Verification and Discussion

To verify the efficiency and accuracy of each method, the ROC (receiver operating charcacteristics) method was employed. Two assumptions are needed in order to verify the maps. One is that landslides are related to spatial information such as slope and aspect, and the other is that future landslides will be affected by triggering factors such as rainfall (Chung and Fabbri 1999). Both assumptions are satisfied in this study. ROC curves explain how well the prediction models fit the data of landslide-causative factors with landslide occurrences to predict future landslides. Verification by ROC is done by first sorting the landslide hazard indexes (LHI) in a descending order.
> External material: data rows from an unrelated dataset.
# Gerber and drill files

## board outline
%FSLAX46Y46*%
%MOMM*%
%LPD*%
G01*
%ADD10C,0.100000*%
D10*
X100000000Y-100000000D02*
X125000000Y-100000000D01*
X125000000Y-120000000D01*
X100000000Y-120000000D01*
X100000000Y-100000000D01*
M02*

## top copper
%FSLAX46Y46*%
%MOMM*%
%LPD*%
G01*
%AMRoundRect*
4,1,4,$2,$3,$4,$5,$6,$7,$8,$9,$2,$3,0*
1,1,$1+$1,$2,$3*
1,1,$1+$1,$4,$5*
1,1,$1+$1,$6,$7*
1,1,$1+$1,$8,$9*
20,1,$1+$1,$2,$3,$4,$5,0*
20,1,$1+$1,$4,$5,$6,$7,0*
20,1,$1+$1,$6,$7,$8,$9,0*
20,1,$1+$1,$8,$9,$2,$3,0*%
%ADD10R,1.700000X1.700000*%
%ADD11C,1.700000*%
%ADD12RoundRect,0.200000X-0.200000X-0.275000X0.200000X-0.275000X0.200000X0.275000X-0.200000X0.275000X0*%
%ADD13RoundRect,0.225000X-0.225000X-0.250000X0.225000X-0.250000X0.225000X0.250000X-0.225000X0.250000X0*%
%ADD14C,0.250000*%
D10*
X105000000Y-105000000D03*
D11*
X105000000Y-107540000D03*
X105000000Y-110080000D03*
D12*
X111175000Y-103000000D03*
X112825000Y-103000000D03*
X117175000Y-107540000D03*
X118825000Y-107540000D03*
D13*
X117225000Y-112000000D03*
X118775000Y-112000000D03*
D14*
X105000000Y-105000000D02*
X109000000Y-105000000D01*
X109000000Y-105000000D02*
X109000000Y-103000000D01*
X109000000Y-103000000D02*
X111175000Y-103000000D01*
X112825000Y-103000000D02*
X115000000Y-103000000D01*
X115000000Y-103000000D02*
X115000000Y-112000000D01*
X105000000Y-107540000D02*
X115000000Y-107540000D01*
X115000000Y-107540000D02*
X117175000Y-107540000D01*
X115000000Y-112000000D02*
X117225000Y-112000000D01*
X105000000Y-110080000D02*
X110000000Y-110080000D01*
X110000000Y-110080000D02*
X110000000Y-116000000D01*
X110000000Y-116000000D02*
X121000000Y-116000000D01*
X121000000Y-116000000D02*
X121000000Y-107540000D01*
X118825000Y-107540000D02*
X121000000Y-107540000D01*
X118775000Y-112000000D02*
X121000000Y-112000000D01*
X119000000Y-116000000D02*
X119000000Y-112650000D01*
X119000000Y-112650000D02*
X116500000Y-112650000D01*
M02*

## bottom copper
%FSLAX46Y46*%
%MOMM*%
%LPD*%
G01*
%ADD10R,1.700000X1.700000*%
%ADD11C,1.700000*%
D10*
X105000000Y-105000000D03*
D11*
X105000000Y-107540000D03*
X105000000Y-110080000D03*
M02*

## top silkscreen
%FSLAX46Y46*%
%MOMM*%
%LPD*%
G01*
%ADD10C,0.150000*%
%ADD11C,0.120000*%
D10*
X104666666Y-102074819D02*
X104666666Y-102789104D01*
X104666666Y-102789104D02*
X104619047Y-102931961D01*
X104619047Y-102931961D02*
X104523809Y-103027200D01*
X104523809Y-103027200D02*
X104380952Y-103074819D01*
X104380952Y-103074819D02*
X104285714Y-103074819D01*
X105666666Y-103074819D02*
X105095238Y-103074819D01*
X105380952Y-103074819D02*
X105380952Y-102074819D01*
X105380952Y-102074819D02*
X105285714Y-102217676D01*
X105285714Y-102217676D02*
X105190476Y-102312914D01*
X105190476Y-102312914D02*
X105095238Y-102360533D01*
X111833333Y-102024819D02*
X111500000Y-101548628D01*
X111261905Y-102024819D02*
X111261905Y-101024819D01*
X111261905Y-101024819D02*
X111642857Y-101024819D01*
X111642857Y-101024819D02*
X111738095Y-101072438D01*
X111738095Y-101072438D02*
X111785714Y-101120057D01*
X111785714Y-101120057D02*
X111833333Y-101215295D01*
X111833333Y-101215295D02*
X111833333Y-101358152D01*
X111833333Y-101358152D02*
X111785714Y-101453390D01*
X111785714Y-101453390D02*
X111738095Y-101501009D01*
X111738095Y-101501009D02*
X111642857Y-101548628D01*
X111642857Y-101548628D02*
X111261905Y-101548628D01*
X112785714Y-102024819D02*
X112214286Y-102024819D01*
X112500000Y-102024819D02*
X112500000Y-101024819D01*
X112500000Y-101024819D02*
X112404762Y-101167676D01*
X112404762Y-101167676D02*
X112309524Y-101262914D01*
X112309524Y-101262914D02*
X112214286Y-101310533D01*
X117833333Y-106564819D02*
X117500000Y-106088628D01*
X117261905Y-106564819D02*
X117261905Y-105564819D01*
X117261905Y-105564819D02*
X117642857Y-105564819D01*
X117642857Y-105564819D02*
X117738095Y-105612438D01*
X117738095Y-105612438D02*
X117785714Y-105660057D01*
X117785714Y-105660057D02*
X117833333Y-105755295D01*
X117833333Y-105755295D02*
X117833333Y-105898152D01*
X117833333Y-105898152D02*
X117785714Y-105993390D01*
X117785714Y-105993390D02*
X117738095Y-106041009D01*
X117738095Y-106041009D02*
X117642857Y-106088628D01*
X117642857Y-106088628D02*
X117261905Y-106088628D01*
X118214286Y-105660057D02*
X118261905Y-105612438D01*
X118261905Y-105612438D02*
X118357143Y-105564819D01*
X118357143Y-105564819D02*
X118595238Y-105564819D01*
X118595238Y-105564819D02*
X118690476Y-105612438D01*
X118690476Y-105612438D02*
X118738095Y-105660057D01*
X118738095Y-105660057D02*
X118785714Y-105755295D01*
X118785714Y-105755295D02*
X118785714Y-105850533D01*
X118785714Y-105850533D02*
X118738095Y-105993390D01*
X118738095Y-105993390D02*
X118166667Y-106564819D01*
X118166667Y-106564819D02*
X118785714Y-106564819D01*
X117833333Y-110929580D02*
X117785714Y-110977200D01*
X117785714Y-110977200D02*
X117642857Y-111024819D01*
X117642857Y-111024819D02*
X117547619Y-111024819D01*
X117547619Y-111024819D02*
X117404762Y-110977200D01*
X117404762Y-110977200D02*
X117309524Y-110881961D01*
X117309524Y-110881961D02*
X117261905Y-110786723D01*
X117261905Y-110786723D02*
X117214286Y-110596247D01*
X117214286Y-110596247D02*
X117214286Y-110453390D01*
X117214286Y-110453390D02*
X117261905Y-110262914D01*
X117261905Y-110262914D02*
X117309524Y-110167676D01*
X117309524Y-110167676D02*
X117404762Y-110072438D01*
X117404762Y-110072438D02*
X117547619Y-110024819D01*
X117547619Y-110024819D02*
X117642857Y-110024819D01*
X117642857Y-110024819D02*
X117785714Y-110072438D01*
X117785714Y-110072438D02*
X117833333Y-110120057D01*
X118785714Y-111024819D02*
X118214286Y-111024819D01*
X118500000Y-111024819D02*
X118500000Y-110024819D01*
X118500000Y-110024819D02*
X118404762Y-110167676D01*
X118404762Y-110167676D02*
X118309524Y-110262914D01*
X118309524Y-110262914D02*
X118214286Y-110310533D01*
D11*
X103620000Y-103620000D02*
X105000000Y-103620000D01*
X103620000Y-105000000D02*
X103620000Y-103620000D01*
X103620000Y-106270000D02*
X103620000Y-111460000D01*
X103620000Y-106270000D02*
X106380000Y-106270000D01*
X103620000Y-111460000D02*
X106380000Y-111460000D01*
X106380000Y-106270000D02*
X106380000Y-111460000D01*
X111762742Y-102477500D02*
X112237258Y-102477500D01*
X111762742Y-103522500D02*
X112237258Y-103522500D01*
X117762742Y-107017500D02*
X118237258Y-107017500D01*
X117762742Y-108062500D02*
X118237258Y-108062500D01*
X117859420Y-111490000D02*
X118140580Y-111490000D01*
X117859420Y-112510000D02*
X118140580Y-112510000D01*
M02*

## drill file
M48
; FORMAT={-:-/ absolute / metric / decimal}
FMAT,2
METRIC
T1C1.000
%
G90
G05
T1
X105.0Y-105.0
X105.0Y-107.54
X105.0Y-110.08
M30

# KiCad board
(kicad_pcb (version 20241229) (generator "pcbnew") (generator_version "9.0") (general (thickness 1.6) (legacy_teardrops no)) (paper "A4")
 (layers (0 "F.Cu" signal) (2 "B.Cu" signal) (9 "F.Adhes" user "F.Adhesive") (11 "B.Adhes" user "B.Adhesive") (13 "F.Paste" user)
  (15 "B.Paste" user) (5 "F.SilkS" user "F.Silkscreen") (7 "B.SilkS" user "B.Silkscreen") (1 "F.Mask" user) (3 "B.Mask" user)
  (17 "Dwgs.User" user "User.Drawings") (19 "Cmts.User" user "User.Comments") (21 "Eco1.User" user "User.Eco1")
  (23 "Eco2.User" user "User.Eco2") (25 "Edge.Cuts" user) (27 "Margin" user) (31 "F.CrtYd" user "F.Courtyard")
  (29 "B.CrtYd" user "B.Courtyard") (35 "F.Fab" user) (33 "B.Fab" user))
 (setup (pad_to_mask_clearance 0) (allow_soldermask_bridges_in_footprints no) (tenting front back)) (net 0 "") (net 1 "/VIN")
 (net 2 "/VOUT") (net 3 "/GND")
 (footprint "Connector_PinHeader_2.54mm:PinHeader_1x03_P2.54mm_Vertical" (layer "F.Cu") (at 105 105)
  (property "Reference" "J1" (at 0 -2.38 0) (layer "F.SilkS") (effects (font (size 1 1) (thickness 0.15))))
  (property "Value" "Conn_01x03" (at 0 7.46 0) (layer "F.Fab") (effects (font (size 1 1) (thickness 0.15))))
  (fp_line (start -1.38 -1.38) (end 0 -1.38) (stroke (width 0.12) (type solid)) (layer "F.SilkS"))
  (fp_line (start -1.38 0) (end -1.38 -1.38) (stroke (width 0.12) (type solid)) (layer "F.SilkS"))
  (fp_line (start -1.38 1.27) (end -1.38 6.46) (stroke (width 0.12) (type solid)) (layer "F.SilkS"))
  (fp_line (start -1.38 1.27) (end 1.38 1.27) (stroke (width 0.12) (type solid)) (layer "F.SilkS"))
  (fp_line (start -1.38 6.46) (end 1.38 6.46) (stroke (width 0.12) (type solid)) (layer "F.SilkS"))
  (fp_line (start 1.38 1.27) (end 1.38 6.46) (stroke (width 0.12) (type solid)) (layer "F.SilkS"))
  (pad "1" thru_hole rect (at 0 0) (size 1.7 1.7) (drill 1) (layers "*.Cu" "*.Mask") (remove_unused_layers no) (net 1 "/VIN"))
  (pad "2" thru_hole circle (at 0 2.54) (size 1.7 1.7) (drill 1) (layers "*.Cu" "*.Mask") (remove_unused_layers no) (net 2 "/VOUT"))
  (pad "3" thru_hole circle (at 0 5.08) (size 1.7 1.7) (drill 1) (layers "*.Cu" "*.Mask") (remove_unused_layers no) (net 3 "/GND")))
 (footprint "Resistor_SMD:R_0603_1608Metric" (layer "F.Cu") (at 112 103)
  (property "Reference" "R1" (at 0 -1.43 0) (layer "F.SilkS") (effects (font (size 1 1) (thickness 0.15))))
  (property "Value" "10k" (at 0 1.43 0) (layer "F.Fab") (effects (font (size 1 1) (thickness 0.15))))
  (fp_line (start -0.237258 -0.5225) (end 0.237258 -0.5225) (stroke (width 0.12) (type solid)) (layer "F.SilkS"))
  (fp_line (start -0.237258 0.5225) (end 0.237258 0.5225) (stroke (width 0.12) (type solid)) (layer "F.SilkS"))
  (pad "1" smd roundrect (at -0.825 0) (size 0.8 0.95) (layers "F.Cu" "F.Mask" "F.Paste") (roundrect_rratio 0.25) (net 1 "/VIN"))
  (pad "2" smd roundrect (at 0.825 0) (size 0.8 0.95) (layers "F.Cu" "F.Mask" "F.Paste") (roundrect_rratio 0.25) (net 2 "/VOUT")))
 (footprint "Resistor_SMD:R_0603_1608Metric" (layer "F.Cu") (at 118 107.54)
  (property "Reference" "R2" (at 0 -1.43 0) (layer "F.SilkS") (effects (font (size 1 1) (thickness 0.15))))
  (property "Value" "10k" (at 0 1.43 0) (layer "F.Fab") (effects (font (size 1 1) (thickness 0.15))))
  (fp_line (start -0.237258 -0.5225) (end 0.237258 -0.5225) (stroke (width 0.12) (type solid)) (layer "F.SilkS"))
  (fp_line (start -0.237258 0.5225) (end 0.237258 0.5225) (stroke (width 0.12) (type solid)) (layer "F.SilkS"))
  (pad "1" smd roundrect (at -0.825 0) (size 0.8 0.95) (layers "F.Cu" "F.Mask" "F.Paste") (roundrect_rratio 0.25) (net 2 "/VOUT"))
  (pad "2" smd roundrect (at 0.825 0) (size 0.8 0.95) (layers "F.Cu" "F.Mask" "F.Paste") (roundrect_rratio 0.25) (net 3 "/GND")))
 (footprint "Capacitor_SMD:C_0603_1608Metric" (layer "F.Cu") (at 118 112)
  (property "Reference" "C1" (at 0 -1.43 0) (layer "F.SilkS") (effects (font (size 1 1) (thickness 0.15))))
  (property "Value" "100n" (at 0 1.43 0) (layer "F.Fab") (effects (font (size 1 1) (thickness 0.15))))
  (fp_line (start -0.14058 -0.51) (end 0.14058 -0.51) (stroke (width 0.12) (type solid)) (layer "F.SilkS"))
  (fp_line (start -0.14058 0.51) (end 0.14058 0.51) (stroke (width 0.12) (type solid)) (layer "F.SilkS"))
  (pad "1" smd roundrect (at -0.775 0) (size 0.9 0.95) (layers "F.Cu" "F.Mask" "F.Paste") (roundrect_rratio 0.25) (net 2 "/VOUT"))
  (pad "2" smd roundrect (at 0.775 0) (size 0.9 0.95) (layers "F.Cu" "F.Mask" "F.Paste") (roundrect_rratio 0.25) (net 3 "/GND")))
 (gr_rect (start 100 100) (end 125 120) (stroke (width 0.1) (type default)) (fill no) (layer "Edge.Cuts"))
 (segment (start 105 105) (end 109 105) (width 0.25) (layer "F.Cu") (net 1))
 (segment (start 109 105) (end 109 103) (width 0.25) (layer "F.Cu") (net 1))
 (segment (start 109 103) (end 111.175 103) (width 0.25) (layer "F.Cu") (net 1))
 (segment (start 112.825 103) (end 115 103) (width 0.25) (layer "F.Cu") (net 2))
 (segment (start 115 103) (end 115 112) (width 0.25) (layer "F.Cu") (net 2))
 (segment (start 105 107.54) (end 115 107.54) (width 0.25) (layer "F.Cu") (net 2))
 (segment (start 115 107.54) (end 117.175 107.54) (width 0.25) (layer "F.Cu") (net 2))
 (segment (start 115 112) (end 117.225 112) (width 0.25) (layer "F.Cu") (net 2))
 (segment (start 105 110.08) (end 110 110.08) (width 0.25) (layer "F.Cu") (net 3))
 (segment (start 110 110.08) (end 110 116) (width 0.25) (layer "F.Cu") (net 3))
 (segment (start 110 116) (end 121 116) (width 0.25) (layer "F.Cu") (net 3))
 (segment (start 121 116) (end 121 107.54) (width 0.25) (layer "F.Cu") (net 3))
 (segment (start 118.825 107.54) (end 121 107.54) (width 0.25) (layer "F.Cu") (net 3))
 (segment (start 118.775 112) (end 121 112) (width 0.25) (layer "F.Cu") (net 3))
 (segment (start 119 116) (end 119 112.65) (width 0.25) (layer "F.Cu") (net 3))
 (segment (start 119 112.65) (end 116.5 112.65) (width 0.25) (layer "F.Cu") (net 3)))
The ordered indexes are then divided into 100 classes and set on the y-axis, with accumulated 1 % intervals on the x-axis (Pradhan and Lee 2010). The resulting graph shows a curve that explains how well the model and factors predict future landslides (Chung and Fabbri 1999). The area under the curves reflects the accuracies of the prediction models and is one of the commonly used accuracy statistics in natural hazard assessments (Beguria 2006). Landslide hazard maps produced using frequency ratio, statistical index, LNSF and Poisson distribution achieve accuracies of 78.52 %, 78.12 %, 72.93 % and 78.51 %, respectively. Frequency ratios and Poisson distributions are capable of producing a landslide hazard map with the highest accuracy among these four approaches in this study area. Both approaches work equally well, with most of the landslide locations found to be within the highest 20 % of the landslide hazard index. The LNSF approach is found to be less effective in producing landslide hazard maps as compared to the other three approaches.
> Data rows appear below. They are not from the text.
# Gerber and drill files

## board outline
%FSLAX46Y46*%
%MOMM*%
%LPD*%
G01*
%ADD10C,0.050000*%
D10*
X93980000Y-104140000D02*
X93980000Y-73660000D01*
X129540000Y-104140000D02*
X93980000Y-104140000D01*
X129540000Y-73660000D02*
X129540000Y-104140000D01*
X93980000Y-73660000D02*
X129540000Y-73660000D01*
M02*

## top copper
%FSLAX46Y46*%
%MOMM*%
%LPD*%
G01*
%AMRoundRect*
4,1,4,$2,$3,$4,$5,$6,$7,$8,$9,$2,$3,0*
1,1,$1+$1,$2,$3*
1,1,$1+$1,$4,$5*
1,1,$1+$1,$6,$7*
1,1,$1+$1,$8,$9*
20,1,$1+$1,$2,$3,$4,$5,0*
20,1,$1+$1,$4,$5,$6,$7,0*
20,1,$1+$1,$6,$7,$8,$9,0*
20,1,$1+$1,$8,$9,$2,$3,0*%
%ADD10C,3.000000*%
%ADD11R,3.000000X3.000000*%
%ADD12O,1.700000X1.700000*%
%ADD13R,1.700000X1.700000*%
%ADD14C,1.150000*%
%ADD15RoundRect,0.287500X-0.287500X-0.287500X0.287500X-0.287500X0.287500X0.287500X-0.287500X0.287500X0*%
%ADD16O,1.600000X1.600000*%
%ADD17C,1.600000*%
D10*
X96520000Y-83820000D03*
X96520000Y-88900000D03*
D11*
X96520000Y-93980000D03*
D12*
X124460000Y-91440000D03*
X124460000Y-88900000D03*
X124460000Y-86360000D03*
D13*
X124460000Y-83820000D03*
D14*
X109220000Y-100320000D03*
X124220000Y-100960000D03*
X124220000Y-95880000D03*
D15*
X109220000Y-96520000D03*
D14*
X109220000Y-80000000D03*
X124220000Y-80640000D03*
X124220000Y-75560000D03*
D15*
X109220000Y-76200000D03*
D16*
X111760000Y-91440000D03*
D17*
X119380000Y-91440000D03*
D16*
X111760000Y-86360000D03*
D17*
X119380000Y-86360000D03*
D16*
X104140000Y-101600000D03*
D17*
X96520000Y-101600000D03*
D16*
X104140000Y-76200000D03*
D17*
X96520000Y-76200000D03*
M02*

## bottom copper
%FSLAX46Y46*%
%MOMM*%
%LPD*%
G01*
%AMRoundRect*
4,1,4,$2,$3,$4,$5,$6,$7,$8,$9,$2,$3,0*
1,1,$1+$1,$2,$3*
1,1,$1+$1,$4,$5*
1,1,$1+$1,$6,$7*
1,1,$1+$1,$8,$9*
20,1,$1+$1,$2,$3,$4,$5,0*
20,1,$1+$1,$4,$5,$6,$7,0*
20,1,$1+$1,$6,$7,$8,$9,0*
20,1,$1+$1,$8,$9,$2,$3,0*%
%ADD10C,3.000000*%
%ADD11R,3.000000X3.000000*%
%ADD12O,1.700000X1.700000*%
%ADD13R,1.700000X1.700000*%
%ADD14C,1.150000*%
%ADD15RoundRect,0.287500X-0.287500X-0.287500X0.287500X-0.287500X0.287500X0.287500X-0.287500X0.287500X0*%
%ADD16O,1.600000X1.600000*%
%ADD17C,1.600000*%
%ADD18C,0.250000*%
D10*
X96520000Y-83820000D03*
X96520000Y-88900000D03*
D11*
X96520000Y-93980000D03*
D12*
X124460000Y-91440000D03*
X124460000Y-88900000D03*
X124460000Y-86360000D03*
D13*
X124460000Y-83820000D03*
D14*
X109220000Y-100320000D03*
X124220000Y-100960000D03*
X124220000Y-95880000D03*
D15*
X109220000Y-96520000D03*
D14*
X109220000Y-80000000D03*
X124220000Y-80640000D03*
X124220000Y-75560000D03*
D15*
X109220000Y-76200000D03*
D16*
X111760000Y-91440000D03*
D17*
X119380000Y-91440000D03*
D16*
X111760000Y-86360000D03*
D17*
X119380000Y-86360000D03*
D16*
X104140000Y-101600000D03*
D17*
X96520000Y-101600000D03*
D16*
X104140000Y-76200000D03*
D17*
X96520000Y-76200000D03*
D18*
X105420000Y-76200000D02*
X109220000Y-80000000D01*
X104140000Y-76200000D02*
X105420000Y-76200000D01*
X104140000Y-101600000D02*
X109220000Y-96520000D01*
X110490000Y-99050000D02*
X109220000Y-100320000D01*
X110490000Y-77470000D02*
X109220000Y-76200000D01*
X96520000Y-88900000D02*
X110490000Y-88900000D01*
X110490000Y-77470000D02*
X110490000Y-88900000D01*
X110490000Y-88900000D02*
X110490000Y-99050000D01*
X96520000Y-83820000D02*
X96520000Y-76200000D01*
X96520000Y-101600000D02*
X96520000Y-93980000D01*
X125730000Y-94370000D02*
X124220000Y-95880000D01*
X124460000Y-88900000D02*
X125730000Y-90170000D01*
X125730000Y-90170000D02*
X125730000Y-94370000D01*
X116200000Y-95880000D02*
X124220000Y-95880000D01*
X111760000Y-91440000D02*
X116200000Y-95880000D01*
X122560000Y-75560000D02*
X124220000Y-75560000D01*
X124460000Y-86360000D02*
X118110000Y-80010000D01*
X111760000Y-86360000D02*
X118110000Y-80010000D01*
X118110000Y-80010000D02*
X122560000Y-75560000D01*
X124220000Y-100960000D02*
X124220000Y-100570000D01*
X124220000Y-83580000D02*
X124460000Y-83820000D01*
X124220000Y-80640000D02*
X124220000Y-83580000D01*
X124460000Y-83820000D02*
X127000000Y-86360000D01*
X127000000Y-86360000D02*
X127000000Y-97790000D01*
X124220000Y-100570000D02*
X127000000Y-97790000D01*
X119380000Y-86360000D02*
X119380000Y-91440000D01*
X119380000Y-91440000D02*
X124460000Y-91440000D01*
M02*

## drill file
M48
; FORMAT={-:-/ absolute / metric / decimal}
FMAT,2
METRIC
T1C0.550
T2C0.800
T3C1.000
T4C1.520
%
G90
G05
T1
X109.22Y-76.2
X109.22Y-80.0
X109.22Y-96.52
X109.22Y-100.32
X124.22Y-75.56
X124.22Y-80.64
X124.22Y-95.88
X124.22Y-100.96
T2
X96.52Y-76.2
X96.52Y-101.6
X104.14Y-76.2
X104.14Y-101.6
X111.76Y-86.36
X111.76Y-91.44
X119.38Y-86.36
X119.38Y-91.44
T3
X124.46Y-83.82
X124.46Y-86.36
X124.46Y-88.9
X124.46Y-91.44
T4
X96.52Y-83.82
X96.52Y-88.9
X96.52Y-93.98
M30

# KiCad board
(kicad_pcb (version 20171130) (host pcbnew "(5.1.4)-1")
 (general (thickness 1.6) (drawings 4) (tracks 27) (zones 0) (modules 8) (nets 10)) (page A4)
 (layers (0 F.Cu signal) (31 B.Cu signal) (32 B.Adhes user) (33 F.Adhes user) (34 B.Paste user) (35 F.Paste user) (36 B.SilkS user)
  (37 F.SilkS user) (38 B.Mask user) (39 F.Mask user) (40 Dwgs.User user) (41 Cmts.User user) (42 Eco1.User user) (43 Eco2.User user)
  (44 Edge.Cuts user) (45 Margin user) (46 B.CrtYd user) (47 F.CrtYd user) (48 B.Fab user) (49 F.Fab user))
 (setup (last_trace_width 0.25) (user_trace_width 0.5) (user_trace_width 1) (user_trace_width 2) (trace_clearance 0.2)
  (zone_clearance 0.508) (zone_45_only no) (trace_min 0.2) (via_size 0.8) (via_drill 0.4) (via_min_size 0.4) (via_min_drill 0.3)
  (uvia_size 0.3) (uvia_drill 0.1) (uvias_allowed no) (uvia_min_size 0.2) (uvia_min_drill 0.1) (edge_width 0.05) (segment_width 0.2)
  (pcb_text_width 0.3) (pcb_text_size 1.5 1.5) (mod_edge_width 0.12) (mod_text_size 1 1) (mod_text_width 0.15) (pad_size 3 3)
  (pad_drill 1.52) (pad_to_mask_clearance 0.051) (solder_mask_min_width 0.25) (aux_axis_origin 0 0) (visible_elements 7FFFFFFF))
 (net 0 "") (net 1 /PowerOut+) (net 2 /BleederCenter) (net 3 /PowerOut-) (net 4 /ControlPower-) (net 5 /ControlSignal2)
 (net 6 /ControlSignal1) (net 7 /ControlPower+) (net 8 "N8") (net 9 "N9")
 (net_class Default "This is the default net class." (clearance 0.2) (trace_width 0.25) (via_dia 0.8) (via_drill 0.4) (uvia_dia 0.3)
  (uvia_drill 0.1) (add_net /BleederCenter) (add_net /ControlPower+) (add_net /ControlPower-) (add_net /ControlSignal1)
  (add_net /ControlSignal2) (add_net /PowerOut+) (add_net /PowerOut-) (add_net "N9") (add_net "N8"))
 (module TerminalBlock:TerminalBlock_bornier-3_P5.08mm (layer F.Cu) (at 96.52 93.98 90)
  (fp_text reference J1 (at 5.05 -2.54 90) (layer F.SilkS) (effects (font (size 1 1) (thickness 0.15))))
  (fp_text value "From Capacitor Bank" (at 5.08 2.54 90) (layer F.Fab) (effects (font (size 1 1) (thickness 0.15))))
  (pad 3 thru_hole circle (at 10.16 0 90) (size 3 3) (drill 1.52) (layers *.Cu *.Mask) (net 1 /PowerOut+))
  (pad 2 thru_hole circle (at 5.08 0 90) (size 3 3) (drill 1.52) (layers *.Cu *.Mask) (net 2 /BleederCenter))
  (pad 1 thru_hole rect (at 0 0 90) (size 3 3) (drill 1.52) (layers *.Cu *.Mask) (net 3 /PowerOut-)))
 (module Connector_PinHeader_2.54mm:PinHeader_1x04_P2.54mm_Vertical (layer F.Cu) (at 124.46 83.82)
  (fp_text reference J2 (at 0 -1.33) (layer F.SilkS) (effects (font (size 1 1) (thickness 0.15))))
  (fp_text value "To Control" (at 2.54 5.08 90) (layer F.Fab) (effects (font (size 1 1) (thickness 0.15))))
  (pad 4 thru_hole oval (at 0 7.62) (size 1.7 1.7) (drill 1) (layers *.Cu *.Mask) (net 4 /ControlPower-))
  (pad 3 thru_hole oval (at 0 5.08) (size 1.7 1.7) (drill 1) (layers *.Cu *.Mask) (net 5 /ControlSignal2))
  (pad 2 thru_hole oval (at 0 2.54) (size 1.7 1.7) (drill 1) (layers *.Cu *.Mask) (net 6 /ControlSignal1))
  (pad 1 thru_hole rect (at 0 0) (size 1.7 1.7) (drill 1) (layers *.Cu *.Mask) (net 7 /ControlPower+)))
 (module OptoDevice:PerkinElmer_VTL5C (layer F.Cu) (at 109.22 96.52)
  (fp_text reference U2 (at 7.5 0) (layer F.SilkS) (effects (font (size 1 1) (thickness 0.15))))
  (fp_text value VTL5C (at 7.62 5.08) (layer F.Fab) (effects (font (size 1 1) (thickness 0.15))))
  (pad 2 thru_hole circle (at 0 3.8) (size 1.15 1.15) (drill 0.55) (layers *.Cu *.Mask) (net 2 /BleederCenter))
  (pad 4 thru_hole circle (at 15 4.44) (size 1.15 1.15) (drill 0.55) (layers *.Cu *.Mask) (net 7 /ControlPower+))
  (pad 3 thru_hole circle (at 15 -0.64) (size 1.15 1.15) (drill 0.55) (layers *.Cu *.Mask) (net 5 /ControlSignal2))
  (pad 1 thru_hole roundrect (at 0 0) (size 1.15 1.15) (drill 0.55) (layers *.Cu *.Mask) (roundrect_rratio 0.25) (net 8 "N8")))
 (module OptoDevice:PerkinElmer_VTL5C (layer F.Cu) (at 109.22 76.2)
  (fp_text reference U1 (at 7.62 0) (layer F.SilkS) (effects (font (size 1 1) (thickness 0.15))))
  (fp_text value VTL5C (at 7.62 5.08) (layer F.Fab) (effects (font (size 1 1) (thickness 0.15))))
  (pad 2 thru_hole circle (at 0 3.8) (size 1.15 1.15) (drill 0.55) (layers *.Cu *.Mask) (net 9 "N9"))
  (pad 4 thru_hole circle (at 15 4.44) (size 1.15 1.15) (drill 0.55) (layers *.Cu *.Mask) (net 7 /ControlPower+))
  (pad 3 thru_hole circle (at 15 -0.64) (size 1.15 1.15) (drill 0.55) (layers *.Cu *.Mask) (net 6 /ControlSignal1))
  (pad 1 thru_hole roundrect (at 0 0) (size 1.15 1.15) (drill 0.55) (layers *.Cu *.Mask) (roundrect_rratio 0.25) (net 2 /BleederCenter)))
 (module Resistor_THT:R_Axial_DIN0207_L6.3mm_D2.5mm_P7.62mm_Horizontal (layer F.Cu) (at 119.38 91.44 180)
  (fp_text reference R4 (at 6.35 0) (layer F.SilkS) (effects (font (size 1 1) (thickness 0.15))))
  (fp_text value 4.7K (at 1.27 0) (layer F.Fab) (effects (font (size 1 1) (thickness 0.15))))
Landslide hazard mapping is done by segregating the LHI (landslide hazard index) into several categories of risks. In this study, the indexes are categorized into four groups: Highly hazardous for the highest 10 % of the indexes (90–100 %), Hazardous for the next 10 % (80–90 %), Moderately hazardous for the next 20 % (60–80 %) and Not hazardous for the remaining 60 % (0–60 %). Figure 2 shows the landslide hazard maps produced using the frequency ratio method and statistical index. Landslide hazard maps produced using the landslide nominal susceptibility factor and Poisson distribution are shown in Fig. 3.

Fig. 2
figure 2

Landslide hazard maps for Penang Island generated using (a) Frequency ratio and (b) statistical index

Fig. 3
figure 3

Landslide hazard maps for Penang Island generated using (a) landslide nominal susceptibility factor and (b) poisson distribution

Conclusion

Due to the limitation of flat land in Penang Island, more hill areas are being exploited for housing and development. This creates a scenario in which a landslide assessment is needed to warn people of potential landslides in risky areas. Prediction models such as statistical or probabilistic methods are simple methods which have been proven to yield good results in landslide prediction. Landslide causative factors depend on the availability of GIS images of the research area. In this paper, landslide hazard maps of Penang Island were produced with frequency ratios, statistical indexes, nominal susceptibility factors and Poisson distributions using twelve landslide-causative factors. The frequency ratio and Poisson distribution methods are proven to produce landslide hazard maps with the highest accuracy, followed by statistical index and nominal susceptibility factor. The accuracies show that the Poisson distribution also can be used as a tool for hazard mapping and these maps can be useful in the planning of future urban infrastructure development.